#### Exercise details
Output only the lines below that start at the line containing "X129809524Y-80812914D02*" and end at the line containing "X129690476Y-85177914D01*", with both ends kept.

#### Given information
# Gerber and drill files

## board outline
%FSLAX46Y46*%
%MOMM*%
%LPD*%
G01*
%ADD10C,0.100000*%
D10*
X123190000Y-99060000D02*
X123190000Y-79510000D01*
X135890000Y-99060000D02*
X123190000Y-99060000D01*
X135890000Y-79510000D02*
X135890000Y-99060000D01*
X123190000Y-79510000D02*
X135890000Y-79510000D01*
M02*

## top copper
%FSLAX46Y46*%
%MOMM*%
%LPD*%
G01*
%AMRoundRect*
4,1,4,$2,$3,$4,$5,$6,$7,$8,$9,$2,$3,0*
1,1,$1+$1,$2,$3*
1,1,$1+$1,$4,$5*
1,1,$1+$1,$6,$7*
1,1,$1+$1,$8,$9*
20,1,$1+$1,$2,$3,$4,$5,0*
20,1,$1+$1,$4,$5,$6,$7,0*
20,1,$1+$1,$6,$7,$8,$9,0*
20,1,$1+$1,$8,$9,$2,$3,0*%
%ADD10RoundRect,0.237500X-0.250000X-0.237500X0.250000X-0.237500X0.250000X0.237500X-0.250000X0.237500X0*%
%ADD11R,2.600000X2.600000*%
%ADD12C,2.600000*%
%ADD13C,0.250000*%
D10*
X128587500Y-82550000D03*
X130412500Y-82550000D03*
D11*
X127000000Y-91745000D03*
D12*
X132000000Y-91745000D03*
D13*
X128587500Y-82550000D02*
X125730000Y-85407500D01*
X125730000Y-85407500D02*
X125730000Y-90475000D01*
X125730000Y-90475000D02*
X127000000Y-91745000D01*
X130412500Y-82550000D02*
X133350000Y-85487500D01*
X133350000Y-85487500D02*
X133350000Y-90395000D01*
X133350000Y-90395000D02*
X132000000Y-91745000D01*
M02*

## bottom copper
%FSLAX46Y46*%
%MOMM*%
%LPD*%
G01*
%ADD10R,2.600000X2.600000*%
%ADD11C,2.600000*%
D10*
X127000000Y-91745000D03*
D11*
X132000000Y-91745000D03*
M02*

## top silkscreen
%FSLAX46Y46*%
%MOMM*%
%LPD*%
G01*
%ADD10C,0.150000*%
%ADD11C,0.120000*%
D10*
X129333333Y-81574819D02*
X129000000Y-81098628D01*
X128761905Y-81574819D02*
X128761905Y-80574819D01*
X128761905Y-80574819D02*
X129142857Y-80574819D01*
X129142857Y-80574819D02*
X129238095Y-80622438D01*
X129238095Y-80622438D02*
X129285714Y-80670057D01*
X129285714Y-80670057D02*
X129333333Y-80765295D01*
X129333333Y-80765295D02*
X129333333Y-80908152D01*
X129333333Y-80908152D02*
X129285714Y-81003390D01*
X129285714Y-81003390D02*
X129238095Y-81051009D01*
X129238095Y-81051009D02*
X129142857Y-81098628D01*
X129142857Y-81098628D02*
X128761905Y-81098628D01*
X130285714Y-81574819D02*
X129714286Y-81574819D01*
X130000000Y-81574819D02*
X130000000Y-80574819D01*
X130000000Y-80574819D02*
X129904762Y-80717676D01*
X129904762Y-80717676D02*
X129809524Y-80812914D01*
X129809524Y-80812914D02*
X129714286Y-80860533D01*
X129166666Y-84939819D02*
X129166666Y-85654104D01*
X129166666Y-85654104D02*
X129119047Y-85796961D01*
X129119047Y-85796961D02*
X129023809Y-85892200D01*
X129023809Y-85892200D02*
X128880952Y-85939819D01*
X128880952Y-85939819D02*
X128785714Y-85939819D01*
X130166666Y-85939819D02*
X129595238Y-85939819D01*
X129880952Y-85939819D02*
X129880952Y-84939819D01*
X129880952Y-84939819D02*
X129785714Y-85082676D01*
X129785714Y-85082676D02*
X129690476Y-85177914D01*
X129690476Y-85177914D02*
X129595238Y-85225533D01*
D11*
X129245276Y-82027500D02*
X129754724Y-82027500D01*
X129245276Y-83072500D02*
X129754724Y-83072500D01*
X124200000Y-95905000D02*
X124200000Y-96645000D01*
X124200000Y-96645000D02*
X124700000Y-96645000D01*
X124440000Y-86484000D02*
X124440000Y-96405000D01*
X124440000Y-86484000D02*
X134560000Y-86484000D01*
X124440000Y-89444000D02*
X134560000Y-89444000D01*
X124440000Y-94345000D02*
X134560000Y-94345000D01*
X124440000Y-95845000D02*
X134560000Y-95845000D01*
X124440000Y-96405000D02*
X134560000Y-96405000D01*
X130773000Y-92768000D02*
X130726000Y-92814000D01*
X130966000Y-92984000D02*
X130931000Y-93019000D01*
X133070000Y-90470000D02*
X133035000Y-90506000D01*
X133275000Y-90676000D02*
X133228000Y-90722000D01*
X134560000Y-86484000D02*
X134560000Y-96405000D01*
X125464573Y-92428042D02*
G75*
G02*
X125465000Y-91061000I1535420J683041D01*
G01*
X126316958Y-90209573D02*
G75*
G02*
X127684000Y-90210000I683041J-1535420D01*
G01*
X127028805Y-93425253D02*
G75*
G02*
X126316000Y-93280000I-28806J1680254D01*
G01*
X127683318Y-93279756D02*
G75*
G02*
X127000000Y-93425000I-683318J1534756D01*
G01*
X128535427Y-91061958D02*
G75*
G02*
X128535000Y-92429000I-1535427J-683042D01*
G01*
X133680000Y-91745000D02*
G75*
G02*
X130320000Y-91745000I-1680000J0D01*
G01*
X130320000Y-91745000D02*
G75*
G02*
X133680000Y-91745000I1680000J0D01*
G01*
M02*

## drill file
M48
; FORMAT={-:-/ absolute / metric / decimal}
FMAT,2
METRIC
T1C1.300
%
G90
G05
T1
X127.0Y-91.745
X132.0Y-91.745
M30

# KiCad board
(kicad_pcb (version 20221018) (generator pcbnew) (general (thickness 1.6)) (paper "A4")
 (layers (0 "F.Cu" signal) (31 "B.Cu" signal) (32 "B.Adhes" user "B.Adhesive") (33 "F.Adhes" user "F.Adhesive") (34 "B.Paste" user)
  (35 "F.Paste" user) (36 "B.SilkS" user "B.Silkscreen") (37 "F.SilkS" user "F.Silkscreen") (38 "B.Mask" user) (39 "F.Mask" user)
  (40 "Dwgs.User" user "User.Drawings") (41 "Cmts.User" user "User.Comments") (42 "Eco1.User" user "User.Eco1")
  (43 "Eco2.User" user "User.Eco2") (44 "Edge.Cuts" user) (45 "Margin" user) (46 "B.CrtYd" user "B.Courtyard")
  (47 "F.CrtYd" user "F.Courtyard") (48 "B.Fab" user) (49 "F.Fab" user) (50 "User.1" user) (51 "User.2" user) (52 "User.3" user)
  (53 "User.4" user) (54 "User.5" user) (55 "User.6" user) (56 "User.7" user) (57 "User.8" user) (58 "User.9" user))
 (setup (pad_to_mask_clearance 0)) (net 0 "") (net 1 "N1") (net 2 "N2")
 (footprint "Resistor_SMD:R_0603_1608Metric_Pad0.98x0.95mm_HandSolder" (layer "F.Cu") (at 129.5 82.55)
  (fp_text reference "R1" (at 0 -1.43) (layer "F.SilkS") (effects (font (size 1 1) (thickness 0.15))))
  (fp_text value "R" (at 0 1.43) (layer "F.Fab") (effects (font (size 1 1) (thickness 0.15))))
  (fp_line (start -0.254724 -0.5225) (end 0.254724 -0.5225) (stroke (width 0.12) (type solid)) (layer "F.SilkS"))
  (fp_line (start -0.254724 0.5225) (end 0.254724 0.5225) (stroke (width 0.12) (type solid)) (layer "F.SilkS"))
  (pad "1" smd roundrect (at -0.9125 0) (size 0.975 0.95) (layers "F.Cu" "F.Paste" "F.Mask") (roundrect_rratio 0.25) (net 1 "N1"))
  (pad "2" smd roundrect (at 0.9125 0) (size 0.975 0.95) (layers "F.Cu" "F.Paste" "F.Mask") (roundrect_rratio 0.25) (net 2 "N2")))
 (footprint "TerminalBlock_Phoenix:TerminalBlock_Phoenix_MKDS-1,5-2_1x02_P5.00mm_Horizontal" (layer "F.Cu") (at 127 91.745)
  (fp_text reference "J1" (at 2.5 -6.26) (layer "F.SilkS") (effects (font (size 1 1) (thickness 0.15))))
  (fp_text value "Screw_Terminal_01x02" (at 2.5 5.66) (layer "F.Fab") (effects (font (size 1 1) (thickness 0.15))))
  (fp_line (start -2.8 4.16) (end -2.8 4.9) (stroke (width 0.12) (type solid)) (layer "F.SilkS"))
  (fp_line (start -2.8 4.9) (end -2.3 4.9) (stroke (width 0.12) (type solid)) (layer "F.SilkS"))
  (fp_line (start -2.56 -5.261) (end -2.56 4.66) (stroke (width 0.12) (type solid)) (layer "F.SilkS"))
  (fp_line (start -2.56 -5.261) (end 7.56 -5.261) (stroke (width 0.12) (type solid)) (layer "F.SilkS"))
  (fp_line (start -2.56 -2.301) (end 7.56 -2.301) (stroke (width 0.12) (type solid)) (layer "F.SilkS"))
  (fp_line (start -2.56 2.6) (end 7.56 2.6) (stroke (width 0.12) (type solid)) (layer "F.SilkS"))
  (fp_line (start -2.56 4.1) (end 7.56 4.1) (stroke (width 0.12) (type solid)) (layer "F.SilkS"))
  (fp_line (start -2.56 4.66) (end 7.56 4.66) (stroke (width 0.12) (type solid)) (layer "F.SilkS"))
  (fp_line (start 3.773 1.023) (end 3.726 1.069) (stroke (width 0.12) (type solid)) (layer "F.SilkS"))
  (fp_line (start 3.966 1.239) (end 3.931 1.274) (stroke (width 0.12) (type solid)) (layer "F.SilkS"))
  (fp_line (start 6.07 -1.275) (end 6.035 -1.239) (stroke (width 0.12) (type solid)) (layer "F.SilkS"))
  (fp_line (start 6.275 -1.069) (end 6.228 -1.023) (stroke (width 0.12) (type solid)) (layer "F.SilkS"))
  (fp_line (start 7.56 -5.261) (end 7.56 4.66) (stroke (width 0.12) (type solid)) (layer "F.SilkS"))
  (fp_arc (start -1.535427 0.683042) (mid -1.680501 -0.000524) (end -1.535 -0.684) (stroke (width 0.12) (type solid)) (layer "F.SilkS"))
  (fp_arc (start -0.683042 -1.535427) (mid 0.000524 -1.680501) (end 0.684 -1.535) (stroke (width 0.12) (type solid)) (layer "F.SilkS"))
  (fp_arc (start 0.028805 1.680253) (mid -0.335551 1.646659) (end -0.684 1.535) (stroke (width 0.12) (type solid)) (layer "F.SilkS"))
  (fp_arc (start 0.683318 1.534756) (mid 0.349292 1.643288) (end 0 1.68) (stroke (width 0.12) (type solid)) (layer "F.SilkS"))
  (fp_arc (start 1.535427 -0.683042) (mid 1.680501 0.000524) (end 1.535 0.684) (stroke (width 0.12) (type solid)) (layer "F.SilkS"))
  (fp_circle (center 5 0) (end 6.68 0) (stroke (width 0.12) (type solid)) (fill none) (layer "F.SilkS"))
  (pad "1" thru_hole rect (at 0 0) (size 2.6 2.6) (drill 1.3) (layers "*.Cu" "*.Mask") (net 1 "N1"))
  (pad "2" thru_hole circle (at 5 0) (size 2.6 2.6) (drill 1.3) (layers "*.Cu" "*.Mask") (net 2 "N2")))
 (gr_line (start 123.19 99.06) (end 123.19 79.51) (stroke (width 0.1) (type solid)) (layer "Edge.Cuts"))
 (gr_line (start 135.89 99.06) (end 123.19 99.06) (stroke (width 0.1) (type solid)) (layer "Edge.Cuts"))
 (gr_line (start 135.89 79.51) (end 135.89 99.06) (stroke (width 0.1) (type solid)) (layer "Edge.Cuts"))
 (gr_line (start 123.19 79.51) (end 135.89 79.51) (stroke (width 0.1) (type solid)) (layer "Edge.Cuts"))
 (segment (start 128.5875 82.55) (end 125.73 85.4075) (width 0.25) (layer "F.Cu") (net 1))
 (segment (start 125.73 85.4075) (end 125.73 90.475) (width 0.25) (layer "F.Cu") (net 1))
 (segment (start 125.73 90.475) (end 127 91.745) (width 0.25) (layer "F.Cu") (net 1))
 (segment (start 130.4125 82.55) (end 133.35 85.4875) (width 0.25) (layer "F.Cu") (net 2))
 (segment (start 133.35 85.4875) (end 133.35 90.395) (width 0.25) (layer "F.Cu") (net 2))
 (segment (start 133.35 90.395) (end 132 91.745) (width 0.25) (layer "F.Cu") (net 2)))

#### Expected answer
X129809524Y-80812914D02*
X129714286Y-80860533D01*
X129166666Y-84939819D02*
X129166666Y-85654104D01*
X129166666Y-85654104D02*
X129119047Y-85796961D01*
X129119047Y-85796961D02*
X129023809Y-85892200D01*
X129023809Y-85892200D02*
X128880952Y-85939819D01*
X128880952Y-85939819D02*
X128785714Y-85939819D01*
X130166666Y-85939819D02*
X129595238Y-85939819D01*
X129880952Y-85939819D02*
X129880952Y-84939819D01*
X129880952Y-84939819D02*
X129785714Y-85082676D01*
X129785714Y-85082676D02*
X129690476Y-85177914D01*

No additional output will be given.